Top of INPUT RECORDS

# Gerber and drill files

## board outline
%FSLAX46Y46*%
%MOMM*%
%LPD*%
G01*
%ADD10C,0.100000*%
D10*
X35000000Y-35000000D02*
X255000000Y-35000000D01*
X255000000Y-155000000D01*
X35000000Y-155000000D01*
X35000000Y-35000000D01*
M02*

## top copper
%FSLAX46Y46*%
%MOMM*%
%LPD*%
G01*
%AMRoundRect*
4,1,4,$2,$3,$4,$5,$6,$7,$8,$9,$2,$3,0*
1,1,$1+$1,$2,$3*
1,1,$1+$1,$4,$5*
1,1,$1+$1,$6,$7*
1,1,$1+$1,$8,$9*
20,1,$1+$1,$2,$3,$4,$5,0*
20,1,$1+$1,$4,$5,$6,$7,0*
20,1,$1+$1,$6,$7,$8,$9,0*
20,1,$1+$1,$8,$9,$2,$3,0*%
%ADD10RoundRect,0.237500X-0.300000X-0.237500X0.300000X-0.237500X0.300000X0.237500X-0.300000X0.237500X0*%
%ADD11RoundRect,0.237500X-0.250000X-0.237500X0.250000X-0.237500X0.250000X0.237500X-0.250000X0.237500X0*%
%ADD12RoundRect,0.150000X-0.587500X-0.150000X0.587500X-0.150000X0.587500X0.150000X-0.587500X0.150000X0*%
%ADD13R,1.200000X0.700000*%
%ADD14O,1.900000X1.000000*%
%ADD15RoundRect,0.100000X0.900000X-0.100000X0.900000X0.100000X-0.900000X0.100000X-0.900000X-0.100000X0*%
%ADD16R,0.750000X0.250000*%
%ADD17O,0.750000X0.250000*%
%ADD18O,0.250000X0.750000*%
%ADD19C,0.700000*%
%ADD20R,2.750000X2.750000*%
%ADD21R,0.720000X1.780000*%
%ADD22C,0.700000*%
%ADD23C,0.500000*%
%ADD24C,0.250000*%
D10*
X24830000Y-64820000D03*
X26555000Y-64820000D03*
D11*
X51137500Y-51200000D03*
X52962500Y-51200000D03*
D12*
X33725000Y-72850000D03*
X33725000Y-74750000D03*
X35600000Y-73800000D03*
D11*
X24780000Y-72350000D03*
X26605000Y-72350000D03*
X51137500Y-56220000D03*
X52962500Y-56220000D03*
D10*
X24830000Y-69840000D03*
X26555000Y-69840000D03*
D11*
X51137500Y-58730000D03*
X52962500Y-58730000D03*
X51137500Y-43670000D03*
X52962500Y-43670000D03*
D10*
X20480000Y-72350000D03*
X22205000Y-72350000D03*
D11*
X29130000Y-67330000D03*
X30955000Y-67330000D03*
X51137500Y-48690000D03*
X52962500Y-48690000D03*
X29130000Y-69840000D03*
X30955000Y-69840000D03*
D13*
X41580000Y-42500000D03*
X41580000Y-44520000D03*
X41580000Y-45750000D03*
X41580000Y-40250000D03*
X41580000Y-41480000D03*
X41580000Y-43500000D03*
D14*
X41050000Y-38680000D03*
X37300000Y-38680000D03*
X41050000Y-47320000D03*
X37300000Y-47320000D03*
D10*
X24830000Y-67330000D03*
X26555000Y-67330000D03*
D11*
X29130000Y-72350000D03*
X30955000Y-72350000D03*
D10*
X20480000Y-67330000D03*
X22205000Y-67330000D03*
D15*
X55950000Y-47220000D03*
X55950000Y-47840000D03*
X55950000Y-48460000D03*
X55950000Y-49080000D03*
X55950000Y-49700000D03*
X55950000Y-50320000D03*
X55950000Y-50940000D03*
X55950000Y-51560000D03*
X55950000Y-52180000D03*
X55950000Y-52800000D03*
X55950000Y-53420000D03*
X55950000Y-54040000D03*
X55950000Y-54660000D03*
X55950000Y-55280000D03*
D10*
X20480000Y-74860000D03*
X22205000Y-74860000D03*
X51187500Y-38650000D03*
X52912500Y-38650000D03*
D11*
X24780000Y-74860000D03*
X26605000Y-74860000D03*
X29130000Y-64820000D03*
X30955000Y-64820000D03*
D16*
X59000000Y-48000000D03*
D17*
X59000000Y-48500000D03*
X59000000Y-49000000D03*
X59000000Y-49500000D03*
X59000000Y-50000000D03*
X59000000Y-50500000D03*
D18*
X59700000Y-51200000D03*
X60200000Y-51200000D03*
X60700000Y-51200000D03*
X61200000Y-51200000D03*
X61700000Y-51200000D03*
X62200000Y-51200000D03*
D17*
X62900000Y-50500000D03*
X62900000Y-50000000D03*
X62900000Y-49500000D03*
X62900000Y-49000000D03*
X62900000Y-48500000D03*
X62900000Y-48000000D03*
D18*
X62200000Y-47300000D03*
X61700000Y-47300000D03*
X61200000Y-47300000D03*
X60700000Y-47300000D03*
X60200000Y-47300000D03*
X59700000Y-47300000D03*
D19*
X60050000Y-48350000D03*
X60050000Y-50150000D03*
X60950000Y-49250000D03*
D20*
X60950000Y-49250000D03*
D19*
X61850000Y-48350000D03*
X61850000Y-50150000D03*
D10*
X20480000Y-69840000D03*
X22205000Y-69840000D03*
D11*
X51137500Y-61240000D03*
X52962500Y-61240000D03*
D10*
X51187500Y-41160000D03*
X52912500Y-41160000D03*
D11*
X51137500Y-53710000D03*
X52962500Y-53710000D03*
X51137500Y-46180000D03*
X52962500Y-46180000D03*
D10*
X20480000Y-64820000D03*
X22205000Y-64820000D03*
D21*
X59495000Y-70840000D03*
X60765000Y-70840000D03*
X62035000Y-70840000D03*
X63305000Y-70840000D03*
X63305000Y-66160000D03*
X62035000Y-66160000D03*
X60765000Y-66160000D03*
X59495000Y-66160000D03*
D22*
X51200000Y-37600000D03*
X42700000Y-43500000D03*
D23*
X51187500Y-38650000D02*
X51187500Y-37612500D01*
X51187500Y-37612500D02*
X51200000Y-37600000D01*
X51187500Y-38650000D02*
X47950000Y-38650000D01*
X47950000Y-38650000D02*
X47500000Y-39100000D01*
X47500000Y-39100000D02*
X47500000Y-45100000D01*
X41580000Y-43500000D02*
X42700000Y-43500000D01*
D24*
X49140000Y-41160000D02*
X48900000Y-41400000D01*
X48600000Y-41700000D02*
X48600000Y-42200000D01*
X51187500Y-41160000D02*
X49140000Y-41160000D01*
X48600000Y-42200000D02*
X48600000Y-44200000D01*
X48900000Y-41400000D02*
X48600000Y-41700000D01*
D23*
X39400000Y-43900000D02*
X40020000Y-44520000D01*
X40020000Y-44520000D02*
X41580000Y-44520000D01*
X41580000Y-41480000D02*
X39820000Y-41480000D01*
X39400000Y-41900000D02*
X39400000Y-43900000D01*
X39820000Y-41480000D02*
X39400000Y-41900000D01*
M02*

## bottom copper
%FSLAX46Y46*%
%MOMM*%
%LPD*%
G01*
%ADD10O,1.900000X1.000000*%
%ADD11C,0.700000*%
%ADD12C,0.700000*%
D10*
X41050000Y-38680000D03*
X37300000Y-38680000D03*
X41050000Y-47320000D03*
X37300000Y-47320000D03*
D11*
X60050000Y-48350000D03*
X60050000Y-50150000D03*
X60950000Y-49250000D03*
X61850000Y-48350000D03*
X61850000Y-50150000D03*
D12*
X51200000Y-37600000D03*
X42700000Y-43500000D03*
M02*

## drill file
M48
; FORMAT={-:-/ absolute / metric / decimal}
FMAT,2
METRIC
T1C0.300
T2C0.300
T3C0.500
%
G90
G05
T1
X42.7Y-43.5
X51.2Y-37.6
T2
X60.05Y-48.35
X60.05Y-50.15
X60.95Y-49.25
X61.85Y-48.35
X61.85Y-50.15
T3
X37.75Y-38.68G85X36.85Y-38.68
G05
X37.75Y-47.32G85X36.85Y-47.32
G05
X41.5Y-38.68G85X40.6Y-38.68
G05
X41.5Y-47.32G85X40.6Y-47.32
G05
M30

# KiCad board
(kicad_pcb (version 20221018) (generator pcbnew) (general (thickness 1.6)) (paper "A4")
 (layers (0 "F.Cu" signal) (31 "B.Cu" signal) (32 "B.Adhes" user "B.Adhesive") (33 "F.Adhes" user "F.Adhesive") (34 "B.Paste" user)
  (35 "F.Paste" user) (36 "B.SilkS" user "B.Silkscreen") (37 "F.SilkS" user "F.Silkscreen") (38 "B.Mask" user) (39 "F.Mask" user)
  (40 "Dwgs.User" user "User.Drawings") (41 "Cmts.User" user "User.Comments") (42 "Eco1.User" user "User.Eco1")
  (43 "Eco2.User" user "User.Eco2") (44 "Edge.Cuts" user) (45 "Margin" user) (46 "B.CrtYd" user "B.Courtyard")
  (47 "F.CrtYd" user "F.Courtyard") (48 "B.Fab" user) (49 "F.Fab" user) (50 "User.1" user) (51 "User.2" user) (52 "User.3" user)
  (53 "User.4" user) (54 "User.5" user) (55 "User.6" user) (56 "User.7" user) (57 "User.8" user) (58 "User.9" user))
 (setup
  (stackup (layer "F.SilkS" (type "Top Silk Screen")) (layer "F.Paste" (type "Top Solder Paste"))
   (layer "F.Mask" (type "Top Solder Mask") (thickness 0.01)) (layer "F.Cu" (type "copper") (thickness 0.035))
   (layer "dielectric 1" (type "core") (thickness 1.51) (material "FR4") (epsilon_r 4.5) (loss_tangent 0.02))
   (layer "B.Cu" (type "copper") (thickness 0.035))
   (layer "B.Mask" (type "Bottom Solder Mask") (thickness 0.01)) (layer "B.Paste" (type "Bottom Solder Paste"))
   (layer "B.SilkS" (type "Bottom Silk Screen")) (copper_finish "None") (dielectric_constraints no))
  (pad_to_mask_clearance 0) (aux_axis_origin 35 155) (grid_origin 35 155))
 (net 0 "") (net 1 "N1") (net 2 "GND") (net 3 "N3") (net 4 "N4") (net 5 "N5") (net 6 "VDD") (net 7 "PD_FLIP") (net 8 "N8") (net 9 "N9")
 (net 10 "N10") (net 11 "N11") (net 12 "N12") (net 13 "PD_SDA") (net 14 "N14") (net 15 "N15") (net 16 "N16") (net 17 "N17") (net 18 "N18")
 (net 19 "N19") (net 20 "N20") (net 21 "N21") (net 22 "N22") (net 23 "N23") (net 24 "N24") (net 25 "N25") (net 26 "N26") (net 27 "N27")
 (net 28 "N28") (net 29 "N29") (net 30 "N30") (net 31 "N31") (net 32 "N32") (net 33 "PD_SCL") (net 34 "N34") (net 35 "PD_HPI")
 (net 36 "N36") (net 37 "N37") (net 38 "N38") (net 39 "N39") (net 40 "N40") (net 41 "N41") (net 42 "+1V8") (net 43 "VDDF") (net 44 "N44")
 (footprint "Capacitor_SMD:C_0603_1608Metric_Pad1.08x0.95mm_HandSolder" (layer "F.Cu") (at 25.6925 64.82)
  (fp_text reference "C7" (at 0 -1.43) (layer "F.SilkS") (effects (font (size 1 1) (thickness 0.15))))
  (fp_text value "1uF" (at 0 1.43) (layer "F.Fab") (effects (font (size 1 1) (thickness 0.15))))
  (pad "1" smd roundrect (at -0.8625 0) (size 1.075 0.95) (layers "F.Cu" "F.Paste" "F.Mask") (roundrect_rratio 0.25) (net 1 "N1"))
  (pad "2" smd roundrect (at 0.8625 0) (size 1.075 0.95) (layers "F.Cu" "F.Paste" "F.Mask") (roundrect_rratio 0.25) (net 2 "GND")))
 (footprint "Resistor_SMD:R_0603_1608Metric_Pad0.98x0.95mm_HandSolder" (layer "F.Cu") (at 52.05 51.2)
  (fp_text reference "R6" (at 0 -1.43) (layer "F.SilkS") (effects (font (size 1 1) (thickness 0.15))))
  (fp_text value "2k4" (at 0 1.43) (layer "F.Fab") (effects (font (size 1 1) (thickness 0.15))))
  (pad "1" smd roundrect (at -0.9125 0) (size 0.975 0.95) (layers "F.Cu" "F.Paste" "F.Mask") (roundrect_rratio 0.25) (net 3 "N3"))
  (pad "2" smd roundrect (at 0.9125 0) (size 0.975 0.95) (layers "F.Cu" "F.Paste" "F.Mask") (roundrect_rratio 0.25) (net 2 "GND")))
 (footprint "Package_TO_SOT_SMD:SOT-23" (layer "F.Cu") (at 34.6625 73.8)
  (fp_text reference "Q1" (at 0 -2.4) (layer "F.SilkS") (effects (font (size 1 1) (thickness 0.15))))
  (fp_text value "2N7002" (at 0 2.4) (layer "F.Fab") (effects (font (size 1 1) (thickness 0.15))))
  (pad "1" smd roundrect (at -0.9375 -0.95) (size 1.475 0.6) (layers "F.Cu" "F.Paste" "F.Mask") (roundrect_rratio 0.25) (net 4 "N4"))
  (pad "2" smd roundrect (at -0.9375 0.95) (size 1.475 0.6) (layers "F.Cu" "F.Paste" "F.Mask") (roundrect_rratio 0.25) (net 2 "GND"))
  (pad "3" smd roundrect (at 0.9375 0) (size 1.475 0.6) (layers "F.Cu" "F.Paste" "F.Mask") (roundrect_rratio 0.25) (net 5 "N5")))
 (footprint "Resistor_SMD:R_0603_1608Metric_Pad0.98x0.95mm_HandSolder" (layer "F.Cu") (at 25.6925 72.35)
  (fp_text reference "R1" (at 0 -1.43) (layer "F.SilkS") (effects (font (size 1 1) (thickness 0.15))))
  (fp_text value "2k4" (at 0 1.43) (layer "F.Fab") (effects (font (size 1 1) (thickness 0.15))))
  (pad "1" smd roundrect (at -0.9125 0) (size 0.975 0.95) (layers "F.Cu" "F.Paste" "F.Mask") (roundrect_rratio 0.25) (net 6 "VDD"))
  (pad "2" smd roundrect (at 0.9125 0) (size 0.975 0.95) (layers "F.Cu" "F.Paste" "F.Mask") (roundrect_rratio 0.25) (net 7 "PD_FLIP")))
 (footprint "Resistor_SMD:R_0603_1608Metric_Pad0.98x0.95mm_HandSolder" (layer "F.Cu") (at 52.05 56.22)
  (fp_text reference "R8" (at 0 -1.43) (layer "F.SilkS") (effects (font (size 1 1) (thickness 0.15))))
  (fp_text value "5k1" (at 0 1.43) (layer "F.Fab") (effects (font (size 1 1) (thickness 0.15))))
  (pad "1" smd roundrect (at -0.9125 0) (size 0.975 0.95) (layers "F.Cu" "F.Paste" "F.Mask") (roundrect_rratio 0.25) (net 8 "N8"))
  (pad "2" smd roundrect (at 0.9125 0) (size 0.975 0.95) (layers "F.Cu" "F.Paste" "F.Mask") (roundrect_rratio 0.25) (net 2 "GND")))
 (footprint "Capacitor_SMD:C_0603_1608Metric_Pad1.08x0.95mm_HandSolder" (layer "F.Cu") (at 25.6925 69.84)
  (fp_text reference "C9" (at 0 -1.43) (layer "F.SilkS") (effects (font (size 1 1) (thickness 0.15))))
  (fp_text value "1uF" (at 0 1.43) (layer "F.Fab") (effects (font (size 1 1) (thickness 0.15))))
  (pad "1" smd roundrect (at -0.8625 0) (size 1.075 0.95) (layers "F.Cu" "F.Paste" "F.Mask") (roundrect_rratio 0.25) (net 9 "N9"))
  (pad "2" smd roundrect (at 0.8625 0) (size 1.075 0.95) (layers "F.Cu" "F.Paste" "F.Mask") (roundrect_rratio 0.25) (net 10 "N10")))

Bottom of INPUT RECORDS

From the data above, reproduce word for word the lines running from the line with "X62035000Y-66160000D03*" to the line with "X51.2Y-37.6", ends included.

- _OUTPUT OF THE TASK_:
X62035000Y-66160000D03*
X60765000Y-66160000D03*
X59495000Y-66160000D03*
D22*
X51200000Y-37600000D03*
X42700000Y-43500000D03*
D23*
X51187500Y-38650000D02*
X51187500Y-37612500D01*
X51187500Y-37612500D02*
X51200000Y-37600000D01*
X51187500Y-38650000D02*
X47950000Y-38650000D01*
X47950000Y-38650000D02*
X47500000Y-39100000D01*
X47500000Y-39100000D02*
X47500000Y-45100000D01*
X41580000Y-43500000D02*
X42700000Y-43500000D01*
D24*
X49140000Y-41160000D02*
X48900000Y-41400000D01*
X48600000Y-41700000D02*
X48600000Y-42200000D01*
X51187500Y-41160000D02*
X49140000Y-41160000D01*
X48600000Y-42200000D02*
X48600000Y-44200000D01*
X48900000Y-41400000D02*
X48600000Y-41700000D01*
D23*
X39400000Y-43900000D02*
X40020000Y-44520000D01*
X40020000Y-44520000D02*
X41580000Y-44520000D01*
X41580000Y-41480000D02*
X39820000Y-41480000D01*
X39400000Y-41900000D02*
X39400000Y-43900000D01*
X39820000Y-41480000D02*
X39400000Y-41900000D01*
M02*

## bottom copper
%FSLAX46Y46*%
%MOMM*%
%LPD*%
G01*
%ADD10O,1.900000X1.000000*%
%ADD11C,0.700000*%
%ADD12C,0.700000*%
D10*
X41050000Y-38680000D03*
X37300000Y-38680000D03*
X41050000Y-47320000D03*
X37300000Y-47320000D03*
D11*
X60050000Y-48350000D03*
X60050000Y-50150000D03*
X60950000Y-49250000D03*
X61850000Y-48350000D03*
X61850000Y-50150000D03*
D12*
X51200000Y-37600000D03*
X42700000Y-43500000D03*
M02*

## drill file
M48
; FORMAT={-:-/ absolute / metric / decimal}
FMAT,2
METRIC
T1C0.300
T2C0.300
T3C0.500
%
G90
G05
T1
X42.7Y-43.5
X51.2Y-37.6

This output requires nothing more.